Source data:

[Start of Attachment]

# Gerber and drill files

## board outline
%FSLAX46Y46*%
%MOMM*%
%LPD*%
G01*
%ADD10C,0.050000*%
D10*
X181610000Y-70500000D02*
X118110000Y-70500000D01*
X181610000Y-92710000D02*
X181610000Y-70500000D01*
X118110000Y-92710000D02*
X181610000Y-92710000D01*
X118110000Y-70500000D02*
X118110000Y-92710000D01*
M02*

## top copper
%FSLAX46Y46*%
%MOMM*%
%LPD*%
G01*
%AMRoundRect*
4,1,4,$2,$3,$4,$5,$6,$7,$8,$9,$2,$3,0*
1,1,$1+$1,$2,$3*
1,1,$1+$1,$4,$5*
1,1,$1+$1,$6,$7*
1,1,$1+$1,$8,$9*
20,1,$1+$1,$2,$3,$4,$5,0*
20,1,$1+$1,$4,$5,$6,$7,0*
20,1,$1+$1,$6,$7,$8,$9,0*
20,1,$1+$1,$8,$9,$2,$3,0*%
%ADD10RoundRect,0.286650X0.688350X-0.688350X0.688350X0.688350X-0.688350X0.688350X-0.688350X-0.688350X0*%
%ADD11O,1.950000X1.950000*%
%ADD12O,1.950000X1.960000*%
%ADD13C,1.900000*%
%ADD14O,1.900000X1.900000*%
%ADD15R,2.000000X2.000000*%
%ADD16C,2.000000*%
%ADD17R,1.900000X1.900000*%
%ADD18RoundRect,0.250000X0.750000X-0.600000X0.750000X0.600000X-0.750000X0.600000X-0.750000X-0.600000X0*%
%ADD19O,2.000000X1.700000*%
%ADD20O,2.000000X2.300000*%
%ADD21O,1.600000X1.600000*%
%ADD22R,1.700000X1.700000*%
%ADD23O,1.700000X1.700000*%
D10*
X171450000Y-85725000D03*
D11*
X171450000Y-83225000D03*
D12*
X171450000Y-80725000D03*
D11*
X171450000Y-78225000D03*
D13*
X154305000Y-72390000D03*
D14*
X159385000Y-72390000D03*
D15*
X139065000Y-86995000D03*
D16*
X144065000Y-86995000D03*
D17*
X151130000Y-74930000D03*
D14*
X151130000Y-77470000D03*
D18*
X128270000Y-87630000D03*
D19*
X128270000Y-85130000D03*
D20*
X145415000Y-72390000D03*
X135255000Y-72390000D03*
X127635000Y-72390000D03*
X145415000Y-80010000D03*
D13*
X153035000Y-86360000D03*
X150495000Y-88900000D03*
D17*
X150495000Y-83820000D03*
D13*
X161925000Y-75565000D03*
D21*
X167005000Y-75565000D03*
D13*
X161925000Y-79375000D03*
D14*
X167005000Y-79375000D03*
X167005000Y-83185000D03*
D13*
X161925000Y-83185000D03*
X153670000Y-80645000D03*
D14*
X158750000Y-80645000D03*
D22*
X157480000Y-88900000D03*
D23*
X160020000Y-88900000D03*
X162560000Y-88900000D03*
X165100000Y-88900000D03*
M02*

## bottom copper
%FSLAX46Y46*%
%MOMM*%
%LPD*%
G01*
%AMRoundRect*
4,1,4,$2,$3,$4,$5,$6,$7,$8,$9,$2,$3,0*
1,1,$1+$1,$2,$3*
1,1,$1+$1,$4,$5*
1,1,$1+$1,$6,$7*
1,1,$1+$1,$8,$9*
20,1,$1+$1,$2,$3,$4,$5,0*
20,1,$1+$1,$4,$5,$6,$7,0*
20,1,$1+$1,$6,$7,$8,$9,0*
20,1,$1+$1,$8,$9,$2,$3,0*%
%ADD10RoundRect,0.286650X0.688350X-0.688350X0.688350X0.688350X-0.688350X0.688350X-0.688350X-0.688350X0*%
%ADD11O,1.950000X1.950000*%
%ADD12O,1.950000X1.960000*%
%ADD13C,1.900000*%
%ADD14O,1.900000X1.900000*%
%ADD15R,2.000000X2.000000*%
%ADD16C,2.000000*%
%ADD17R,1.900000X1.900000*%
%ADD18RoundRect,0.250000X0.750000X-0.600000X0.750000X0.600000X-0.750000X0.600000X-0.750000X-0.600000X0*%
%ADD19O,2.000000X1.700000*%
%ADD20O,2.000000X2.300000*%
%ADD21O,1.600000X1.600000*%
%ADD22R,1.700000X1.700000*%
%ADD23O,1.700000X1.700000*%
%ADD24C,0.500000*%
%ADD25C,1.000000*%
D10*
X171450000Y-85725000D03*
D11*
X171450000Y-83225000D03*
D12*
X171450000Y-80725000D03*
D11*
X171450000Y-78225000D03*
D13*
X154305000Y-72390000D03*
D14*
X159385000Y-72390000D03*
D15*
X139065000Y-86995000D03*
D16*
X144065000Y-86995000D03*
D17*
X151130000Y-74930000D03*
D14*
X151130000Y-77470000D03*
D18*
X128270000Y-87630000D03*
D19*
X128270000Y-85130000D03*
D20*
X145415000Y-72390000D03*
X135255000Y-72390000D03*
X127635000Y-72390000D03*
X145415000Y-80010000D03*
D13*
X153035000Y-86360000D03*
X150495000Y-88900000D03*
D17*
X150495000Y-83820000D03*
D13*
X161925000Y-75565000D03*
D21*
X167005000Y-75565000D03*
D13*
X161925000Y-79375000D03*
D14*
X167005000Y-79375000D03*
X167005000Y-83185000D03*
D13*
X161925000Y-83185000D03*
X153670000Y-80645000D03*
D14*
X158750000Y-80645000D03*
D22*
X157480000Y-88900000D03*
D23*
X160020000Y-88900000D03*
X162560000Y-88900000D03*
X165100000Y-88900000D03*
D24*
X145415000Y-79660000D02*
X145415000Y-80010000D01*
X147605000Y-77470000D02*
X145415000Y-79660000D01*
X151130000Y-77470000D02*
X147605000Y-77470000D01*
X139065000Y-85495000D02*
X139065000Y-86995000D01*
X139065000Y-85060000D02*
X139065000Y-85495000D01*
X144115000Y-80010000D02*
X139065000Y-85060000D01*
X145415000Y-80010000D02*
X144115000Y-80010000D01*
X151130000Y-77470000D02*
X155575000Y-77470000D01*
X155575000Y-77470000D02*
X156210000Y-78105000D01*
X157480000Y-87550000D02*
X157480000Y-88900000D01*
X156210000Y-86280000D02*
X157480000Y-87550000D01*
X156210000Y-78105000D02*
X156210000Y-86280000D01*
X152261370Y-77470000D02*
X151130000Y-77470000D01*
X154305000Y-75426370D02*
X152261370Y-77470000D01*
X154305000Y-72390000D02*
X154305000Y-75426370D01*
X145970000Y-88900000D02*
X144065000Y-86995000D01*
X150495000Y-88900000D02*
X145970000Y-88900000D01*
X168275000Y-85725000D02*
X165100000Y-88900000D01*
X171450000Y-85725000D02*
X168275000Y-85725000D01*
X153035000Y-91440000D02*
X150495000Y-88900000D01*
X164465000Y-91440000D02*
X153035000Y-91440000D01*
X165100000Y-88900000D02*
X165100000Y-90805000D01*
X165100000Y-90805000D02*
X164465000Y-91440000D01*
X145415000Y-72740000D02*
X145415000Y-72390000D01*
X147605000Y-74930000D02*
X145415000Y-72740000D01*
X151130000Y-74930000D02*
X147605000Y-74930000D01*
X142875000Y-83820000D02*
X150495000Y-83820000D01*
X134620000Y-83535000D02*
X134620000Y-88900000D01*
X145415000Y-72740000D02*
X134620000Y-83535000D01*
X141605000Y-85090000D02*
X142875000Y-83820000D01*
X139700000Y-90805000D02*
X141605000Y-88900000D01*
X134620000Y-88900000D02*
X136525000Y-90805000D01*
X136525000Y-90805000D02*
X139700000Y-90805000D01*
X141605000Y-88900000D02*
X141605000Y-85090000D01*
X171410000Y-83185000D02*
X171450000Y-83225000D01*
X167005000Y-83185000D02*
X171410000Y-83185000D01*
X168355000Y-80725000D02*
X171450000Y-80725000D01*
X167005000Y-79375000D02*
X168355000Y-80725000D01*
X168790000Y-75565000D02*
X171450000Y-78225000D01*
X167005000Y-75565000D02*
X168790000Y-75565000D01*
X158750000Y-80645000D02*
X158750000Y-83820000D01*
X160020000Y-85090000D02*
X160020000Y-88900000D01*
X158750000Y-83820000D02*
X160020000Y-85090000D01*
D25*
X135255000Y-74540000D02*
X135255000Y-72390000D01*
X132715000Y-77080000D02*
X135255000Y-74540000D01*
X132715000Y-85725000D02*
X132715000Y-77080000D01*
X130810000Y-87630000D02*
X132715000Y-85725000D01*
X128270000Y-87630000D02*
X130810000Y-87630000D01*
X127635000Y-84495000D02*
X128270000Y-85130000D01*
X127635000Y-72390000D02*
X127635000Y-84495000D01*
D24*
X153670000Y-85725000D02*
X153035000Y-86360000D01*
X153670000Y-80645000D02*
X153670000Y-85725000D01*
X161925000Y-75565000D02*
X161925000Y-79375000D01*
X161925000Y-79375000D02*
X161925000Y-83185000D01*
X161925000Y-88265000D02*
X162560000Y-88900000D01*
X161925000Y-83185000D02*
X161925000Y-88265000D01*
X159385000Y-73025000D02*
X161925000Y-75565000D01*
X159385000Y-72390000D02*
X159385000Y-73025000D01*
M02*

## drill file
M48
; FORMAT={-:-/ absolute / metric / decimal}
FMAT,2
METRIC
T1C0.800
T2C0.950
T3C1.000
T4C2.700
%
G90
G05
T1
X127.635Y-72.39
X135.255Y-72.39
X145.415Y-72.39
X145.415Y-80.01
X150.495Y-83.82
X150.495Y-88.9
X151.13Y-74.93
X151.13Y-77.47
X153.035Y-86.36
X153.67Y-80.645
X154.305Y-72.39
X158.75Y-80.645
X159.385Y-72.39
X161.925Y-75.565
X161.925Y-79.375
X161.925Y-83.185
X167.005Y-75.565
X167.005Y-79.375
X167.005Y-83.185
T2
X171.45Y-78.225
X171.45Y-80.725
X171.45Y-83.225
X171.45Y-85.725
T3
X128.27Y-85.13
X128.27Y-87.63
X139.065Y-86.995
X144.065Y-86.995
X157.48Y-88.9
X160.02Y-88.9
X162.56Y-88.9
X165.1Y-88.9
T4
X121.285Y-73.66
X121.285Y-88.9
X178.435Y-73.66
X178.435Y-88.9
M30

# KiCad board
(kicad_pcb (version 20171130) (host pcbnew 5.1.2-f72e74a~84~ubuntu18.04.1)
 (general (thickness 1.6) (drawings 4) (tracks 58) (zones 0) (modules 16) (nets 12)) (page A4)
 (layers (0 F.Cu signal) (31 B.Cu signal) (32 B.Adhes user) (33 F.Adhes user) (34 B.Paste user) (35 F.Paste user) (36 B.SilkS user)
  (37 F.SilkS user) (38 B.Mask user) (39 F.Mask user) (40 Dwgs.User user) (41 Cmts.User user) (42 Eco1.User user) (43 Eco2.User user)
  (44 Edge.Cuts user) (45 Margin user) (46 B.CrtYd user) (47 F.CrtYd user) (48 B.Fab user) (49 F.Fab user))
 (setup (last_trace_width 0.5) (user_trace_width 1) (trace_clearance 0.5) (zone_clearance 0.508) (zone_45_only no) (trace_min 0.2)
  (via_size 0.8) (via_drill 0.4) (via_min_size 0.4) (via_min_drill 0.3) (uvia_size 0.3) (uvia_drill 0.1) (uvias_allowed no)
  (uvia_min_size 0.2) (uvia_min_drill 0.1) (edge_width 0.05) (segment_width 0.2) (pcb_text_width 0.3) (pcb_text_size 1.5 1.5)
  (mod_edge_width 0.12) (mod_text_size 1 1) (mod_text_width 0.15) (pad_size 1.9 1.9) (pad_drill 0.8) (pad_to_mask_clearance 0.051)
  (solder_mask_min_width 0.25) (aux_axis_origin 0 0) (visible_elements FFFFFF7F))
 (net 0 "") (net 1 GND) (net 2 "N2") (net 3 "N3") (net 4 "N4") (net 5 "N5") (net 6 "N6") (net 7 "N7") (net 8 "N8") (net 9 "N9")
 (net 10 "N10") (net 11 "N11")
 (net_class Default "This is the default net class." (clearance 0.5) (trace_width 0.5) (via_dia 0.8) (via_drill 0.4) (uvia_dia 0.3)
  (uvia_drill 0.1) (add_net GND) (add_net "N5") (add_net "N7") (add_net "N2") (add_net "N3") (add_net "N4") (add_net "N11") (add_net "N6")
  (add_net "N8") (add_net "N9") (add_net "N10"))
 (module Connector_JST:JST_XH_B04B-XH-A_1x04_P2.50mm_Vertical (layer F.Cu) (at 171.45 85.725 90)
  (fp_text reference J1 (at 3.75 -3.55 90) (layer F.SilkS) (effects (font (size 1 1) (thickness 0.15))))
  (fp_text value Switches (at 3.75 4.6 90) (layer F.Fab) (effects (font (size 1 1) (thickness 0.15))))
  (pad 1 thru_hole roundrect (at 0 0 90) (size 1.95 1.95) (drill 0.95) (layers *.Cu *.Mask) (roundrect_rratio 0.147) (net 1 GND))
  (pad 2 thru_hole oval (at 2.5 0 90) (size 1.95 1.95) (drill 0.95) (layers *.Cu *.Mask) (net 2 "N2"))
  (pad 3 thru_hole oval (at 5 0 90) (size 1.96 1.95) (drill 0.95) (layers *.Cu *.Mask) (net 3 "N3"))
  (pad 4 thru_hole oval (at 7.5 0 90) (size 1.95 1.95) (drill 0.95) (layers *.Cu *.Mask) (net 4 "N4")))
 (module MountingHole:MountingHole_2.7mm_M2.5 (layer F.Cu) (at 121.285 73.66)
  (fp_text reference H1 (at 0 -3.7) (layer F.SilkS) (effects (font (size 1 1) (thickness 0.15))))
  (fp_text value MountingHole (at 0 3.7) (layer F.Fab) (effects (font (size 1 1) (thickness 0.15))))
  (pad 1 np_thru_hole circle (at 0 0) (size 2.7 2.7) (drill 2.7) (layers *.Cu *.Mask)))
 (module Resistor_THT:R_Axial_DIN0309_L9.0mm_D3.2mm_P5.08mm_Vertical (layer F.Cu) (at 154.305 72.39)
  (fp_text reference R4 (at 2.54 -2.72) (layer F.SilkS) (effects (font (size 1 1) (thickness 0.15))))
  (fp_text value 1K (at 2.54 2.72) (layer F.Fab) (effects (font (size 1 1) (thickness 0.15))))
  (pad 1 thru_hole circle (at 0 0) (size 1.9 1.9) (drill 0.8) (layers *.Cu *.Mask) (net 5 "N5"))
  (pad 2 thru_hole oval (at 5.08 0) (size 1.9 1.9) (drill 0.8) (layers *.Cu *.Mask) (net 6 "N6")))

[End of Attachment]

Above are the records; from them, give again exactly the lines from the one containing "X165100000Y-88900000D01*" to the one containing "X168355000Y-80725000D02*", both lines included, and nothing more.

X165100000Y-88900000D01*
X171450000Y-85725000D02*
X168275000Y-85725000D01*
X153035000Y-91440000D02*
X150495000Y-88900000D01*
X164465000Y-91440000D02*
X153035000Y-91440000D01*
X165100000Y-88900000D02*
X165100000Y-90805000D01*
X165100000Y-90805000D02*
X164465000Y-91440000D01*
X145415000Y-72740000D02*
X145415000Y-72390000D01*
X147605000Y-74930000D02*
X145415000Y-72740000D01*
X151130000Y-74930000D02*
X147605000Y-74930000D01*
X142875000Y-83820000D02*
X150495000Y-83820000D01*
X134620000Y-83535000D02*
X134620000Y-88900000D01*
X145415000Y-72740000D02*
X134620000Y-83535000D01*
X141605000Y-85090000D02*
X142875000Y-83820000D01*
X139700000Y-90805000D02*
X141605000Y-88900000D01*
X134620000Y-88900000D02*
X136525000Y-90805000D01*
X136525000Y-90805000D02*
X139700000Y-90805000D01*
X141605000Y-88900000D02*
X141605000Y-85090000D01*
X171410000Y-83185000D02*
X171450000Y-83225000D01*
X167005000Y-83185000D02*
X171410000Y-83185000D01*
X168355000Y-80725000D02*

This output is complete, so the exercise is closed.